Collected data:
______

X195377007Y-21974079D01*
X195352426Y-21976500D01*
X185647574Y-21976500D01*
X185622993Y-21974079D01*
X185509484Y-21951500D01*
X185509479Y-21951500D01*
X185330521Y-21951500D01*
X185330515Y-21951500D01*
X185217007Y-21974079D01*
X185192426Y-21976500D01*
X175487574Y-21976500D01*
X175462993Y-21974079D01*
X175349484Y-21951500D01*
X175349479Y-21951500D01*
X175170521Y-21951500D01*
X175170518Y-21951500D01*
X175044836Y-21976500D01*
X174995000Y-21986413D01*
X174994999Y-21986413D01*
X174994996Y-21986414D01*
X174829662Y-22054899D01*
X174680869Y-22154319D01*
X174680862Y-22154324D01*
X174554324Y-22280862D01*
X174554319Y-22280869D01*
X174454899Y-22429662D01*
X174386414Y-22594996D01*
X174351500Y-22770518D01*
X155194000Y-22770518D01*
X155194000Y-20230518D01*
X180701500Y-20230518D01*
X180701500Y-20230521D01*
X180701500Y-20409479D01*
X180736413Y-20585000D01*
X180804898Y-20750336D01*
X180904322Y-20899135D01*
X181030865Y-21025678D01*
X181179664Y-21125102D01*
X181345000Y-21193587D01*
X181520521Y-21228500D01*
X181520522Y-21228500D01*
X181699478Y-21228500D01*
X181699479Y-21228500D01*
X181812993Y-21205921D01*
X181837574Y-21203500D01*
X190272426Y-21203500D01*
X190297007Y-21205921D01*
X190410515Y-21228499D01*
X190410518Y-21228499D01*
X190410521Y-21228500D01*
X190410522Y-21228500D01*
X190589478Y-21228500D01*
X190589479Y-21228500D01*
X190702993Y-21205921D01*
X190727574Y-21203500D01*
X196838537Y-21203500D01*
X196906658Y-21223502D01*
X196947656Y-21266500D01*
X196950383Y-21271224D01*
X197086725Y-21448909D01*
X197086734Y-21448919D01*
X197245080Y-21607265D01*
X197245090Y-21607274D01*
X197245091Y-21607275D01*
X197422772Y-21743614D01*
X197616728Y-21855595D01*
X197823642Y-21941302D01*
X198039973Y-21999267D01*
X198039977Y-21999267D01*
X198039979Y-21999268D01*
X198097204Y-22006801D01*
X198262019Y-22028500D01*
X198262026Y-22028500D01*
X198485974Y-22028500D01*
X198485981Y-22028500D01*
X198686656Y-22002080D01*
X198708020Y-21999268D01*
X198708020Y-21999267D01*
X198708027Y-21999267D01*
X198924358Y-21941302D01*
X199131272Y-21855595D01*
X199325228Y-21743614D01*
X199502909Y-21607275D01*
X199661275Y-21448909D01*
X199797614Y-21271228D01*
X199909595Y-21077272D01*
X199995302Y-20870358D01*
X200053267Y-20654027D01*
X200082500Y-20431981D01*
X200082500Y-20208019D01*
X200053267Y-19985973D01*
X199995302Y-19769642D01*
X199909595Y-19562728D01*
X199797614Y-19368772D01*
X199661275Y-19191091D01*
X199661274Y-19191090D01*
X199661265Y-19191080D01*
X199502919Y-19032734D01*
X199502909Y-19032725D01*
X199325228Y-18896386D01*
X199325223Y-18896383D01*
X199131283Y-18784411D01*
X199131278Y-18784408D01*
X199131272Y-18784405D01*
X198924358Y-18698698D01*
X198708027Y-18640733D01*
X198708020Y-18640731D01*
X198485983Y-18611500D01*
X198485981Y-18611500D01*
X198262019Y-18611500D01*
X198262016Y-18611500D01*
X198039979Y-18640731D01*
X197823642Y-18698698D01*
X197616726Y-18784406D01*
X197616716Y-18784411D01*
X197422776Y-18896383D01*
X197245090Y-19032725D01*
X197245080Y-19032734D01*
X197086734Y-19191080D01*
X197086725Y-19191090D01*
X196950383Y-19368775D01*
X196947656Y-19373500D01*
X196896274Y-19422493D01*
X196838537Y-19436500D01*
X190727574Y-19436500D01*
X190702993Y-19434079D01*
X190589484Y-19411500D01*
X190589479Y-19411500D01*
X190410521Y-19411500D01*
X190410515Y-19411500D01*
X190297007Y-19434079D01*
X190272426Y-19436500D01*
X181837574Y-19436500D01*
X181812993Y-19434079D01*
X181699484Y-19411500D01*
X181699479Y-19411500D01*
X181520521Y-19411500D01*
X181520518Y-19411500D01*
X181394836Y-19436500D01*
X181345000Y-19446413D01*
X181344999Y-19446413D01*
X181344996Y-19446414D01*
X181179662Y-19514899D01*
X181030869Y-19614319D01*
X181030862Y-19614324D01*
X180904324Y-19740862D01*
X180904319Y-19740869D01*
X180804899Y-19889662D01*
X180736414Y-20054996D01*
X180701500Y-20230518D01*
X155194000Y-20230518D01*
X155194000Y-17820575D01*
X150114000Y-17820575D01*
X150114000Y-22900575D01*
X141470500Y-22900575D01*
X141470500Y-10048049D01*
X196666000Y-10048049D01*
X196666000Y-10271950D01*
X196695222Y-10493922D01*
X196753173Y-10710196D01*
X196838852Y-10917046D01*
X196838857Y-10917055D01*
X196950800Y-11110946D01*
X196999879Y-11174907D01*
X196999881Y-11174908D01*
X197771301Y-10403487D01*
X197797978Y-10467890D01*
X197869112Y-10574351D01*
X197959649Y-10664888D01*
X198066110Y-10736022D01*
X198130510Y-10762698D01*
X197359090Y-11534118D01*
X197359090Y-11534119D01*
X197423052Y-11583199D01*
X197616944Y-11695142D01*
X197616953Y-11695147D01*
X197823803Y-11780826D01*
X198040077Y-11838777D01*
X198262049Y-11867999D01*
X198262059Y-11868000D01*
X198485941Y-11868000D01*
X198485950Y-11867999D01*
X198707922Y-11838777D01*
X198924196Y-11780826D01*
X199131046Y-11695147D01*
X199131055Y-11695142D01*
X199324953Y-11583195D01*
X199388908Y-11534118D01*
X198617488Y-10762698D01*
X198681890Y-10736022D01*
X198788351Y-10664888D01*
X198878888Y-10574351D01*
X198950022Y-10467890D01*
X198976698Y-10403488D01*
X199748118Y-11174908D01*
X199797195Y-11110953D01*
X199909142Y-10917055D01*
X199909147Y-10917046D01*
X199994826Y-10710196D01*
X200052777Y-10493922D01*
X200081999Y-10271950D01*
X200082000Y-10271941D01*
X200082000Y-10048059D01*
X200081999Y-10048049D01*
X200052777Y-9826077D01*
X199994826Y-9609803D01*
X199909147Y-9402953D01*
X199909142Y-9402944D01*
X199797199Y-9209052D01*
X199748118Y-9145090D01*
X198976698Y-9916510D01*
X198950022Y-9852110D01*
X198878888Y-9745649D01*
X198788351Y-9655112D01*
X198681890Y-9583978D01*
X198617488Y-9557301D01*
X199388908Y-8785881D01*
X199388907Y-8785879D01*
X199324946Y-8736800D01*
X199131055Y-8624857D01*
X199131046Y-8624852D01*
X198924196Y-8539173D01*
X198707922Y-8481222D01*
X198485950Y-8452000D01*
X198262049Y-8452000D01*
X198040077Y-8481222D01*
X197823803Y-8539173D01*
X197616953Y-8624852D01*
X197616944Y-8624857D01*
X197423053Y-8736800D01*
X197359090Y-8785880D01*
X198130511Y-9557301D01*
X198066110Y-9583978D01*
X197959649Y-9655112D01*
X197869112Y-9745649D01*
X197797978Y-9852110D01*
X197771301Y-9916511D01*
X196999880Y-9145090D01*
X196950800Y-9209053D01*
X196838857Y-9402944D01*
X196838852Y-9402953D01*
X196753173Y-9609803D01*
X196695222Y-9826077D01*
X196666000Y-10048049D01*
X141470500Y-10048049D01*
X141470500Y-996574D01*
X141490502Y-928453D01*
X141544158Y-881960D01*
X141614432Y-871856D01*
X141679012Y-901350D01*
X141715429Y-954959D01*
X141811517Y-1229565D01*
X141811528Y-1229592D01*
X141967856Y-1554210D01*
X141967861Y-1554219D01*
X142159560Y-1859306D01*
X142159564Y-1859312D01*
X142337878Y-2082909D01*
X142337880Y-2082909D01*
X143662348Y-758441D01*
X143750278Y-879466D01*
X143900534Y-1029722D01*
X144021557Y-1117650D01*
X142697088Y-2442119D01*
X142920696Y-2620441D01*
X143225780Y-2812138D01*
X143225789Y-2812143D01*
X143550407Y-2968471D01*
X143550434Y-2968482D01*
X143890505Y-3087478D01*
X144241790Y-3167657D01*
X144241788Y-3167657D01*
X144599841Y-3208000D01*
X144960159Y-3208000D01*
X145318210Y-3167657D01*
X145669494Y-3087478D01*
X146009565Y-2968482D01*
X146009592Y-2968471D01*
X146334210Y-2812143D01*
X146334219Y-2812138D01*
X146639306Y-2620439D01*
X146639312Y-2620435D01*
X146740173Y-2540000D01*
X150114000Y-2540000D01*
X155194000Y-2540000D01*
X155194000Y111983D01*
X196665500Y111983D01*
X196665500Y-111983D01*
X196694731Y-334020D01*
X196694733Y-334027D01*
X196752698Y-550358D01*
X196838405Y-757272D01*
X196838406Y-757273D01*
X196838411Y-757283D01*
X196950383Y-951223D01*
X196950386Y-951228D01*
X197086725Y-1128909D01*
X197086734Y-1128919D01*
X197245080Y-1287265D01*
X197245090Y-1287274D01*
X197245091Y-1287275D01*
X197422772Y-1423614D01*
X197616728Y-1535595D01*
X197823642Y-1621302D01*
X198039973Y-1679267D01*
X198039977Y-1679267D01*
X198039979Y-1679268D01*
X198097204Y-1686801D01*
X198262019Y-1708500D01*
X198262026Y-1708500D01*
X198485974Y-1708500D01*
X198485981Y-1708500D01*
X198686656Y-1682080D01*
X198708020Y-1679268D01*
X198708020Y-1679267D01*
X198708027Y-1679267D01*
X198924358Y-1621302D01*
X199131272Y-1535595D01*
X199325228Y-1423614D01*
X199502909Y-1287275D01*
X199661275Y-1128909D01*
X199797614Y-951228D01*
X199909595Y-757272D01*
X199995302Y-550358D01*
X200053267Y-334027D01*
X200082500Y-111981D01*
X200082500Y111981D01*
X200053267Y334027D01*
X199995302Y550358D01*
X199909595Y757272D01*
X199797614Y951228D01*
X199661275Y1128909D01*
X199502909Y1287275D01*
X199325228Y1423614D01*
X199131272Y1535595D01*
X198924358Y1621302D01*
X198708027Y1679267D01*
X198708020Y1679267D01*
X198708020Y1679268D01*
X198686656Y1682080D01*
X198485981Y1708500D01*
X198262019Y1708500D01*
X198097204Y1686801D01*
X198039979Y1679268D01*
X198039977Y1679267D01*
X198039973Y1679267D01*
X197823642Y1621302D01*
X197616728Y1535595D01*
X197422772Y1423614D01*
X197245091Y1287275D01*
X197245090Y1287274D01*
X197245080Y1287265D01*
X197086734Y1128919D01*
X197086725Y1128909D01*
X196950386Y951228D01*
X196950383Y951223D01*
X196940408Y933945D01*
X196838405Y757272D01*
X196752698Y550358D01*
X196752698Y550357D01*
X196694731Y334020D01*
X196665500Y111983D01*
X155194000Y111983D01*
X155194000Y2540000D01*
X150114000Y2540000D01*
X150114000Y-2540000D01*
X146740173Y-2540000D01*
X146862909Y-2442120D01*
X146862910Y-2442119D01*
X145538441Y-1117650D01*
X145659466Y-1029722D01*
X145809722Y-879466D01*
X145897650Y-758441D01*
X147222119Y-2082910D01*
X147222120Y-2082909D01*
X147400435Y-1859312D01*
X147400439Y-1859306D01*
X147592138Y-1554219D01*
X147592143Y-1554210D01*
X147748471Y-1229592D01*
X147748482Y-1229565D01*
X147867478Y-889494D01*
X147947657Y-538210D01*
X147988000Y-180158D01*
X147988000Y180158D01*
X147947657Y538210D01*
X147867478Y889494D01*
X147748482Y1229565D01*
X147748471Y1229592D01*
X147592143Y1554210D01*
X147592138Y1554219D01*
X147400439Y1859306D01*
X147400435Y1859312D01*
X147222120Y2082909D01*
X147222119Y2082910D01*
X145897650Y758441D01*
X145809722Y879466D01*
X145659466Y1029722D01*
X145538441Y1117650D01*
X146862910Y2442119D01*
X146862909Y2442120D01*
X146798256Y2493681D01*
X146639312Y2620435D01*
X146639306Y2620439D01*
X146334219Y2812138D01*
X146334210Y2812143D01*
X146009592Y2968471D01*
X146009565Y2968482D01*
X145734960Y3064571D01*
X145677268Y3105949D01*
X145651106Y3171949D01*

______

Please reply with an exact copy of the lines above, starting at the first and ending at the line that holds "X175044836Y-21976500D01*".

X195377007Y-21974079D01*
X195352426Y-21976500D01*
X185647574Y-21976500D01*
X185622993Y-21974079D01*
X185509484Y-21951500D01*
X185509479Y-21951500D01*
X185330521Y-21951500D01*
X185330515Y-21951500D01*
X185217007Y-21974079D01*
X185192426Y-21976500D01*
X175487574Y-21976500D01*
X175462993Y-21974079D01*
X175349484Y-21951500D01*
X175349479Y-21951500D01*
X175170521Y-21951500D01*
X175170518Y-21951500D01*
X175044836Y-21976500D01*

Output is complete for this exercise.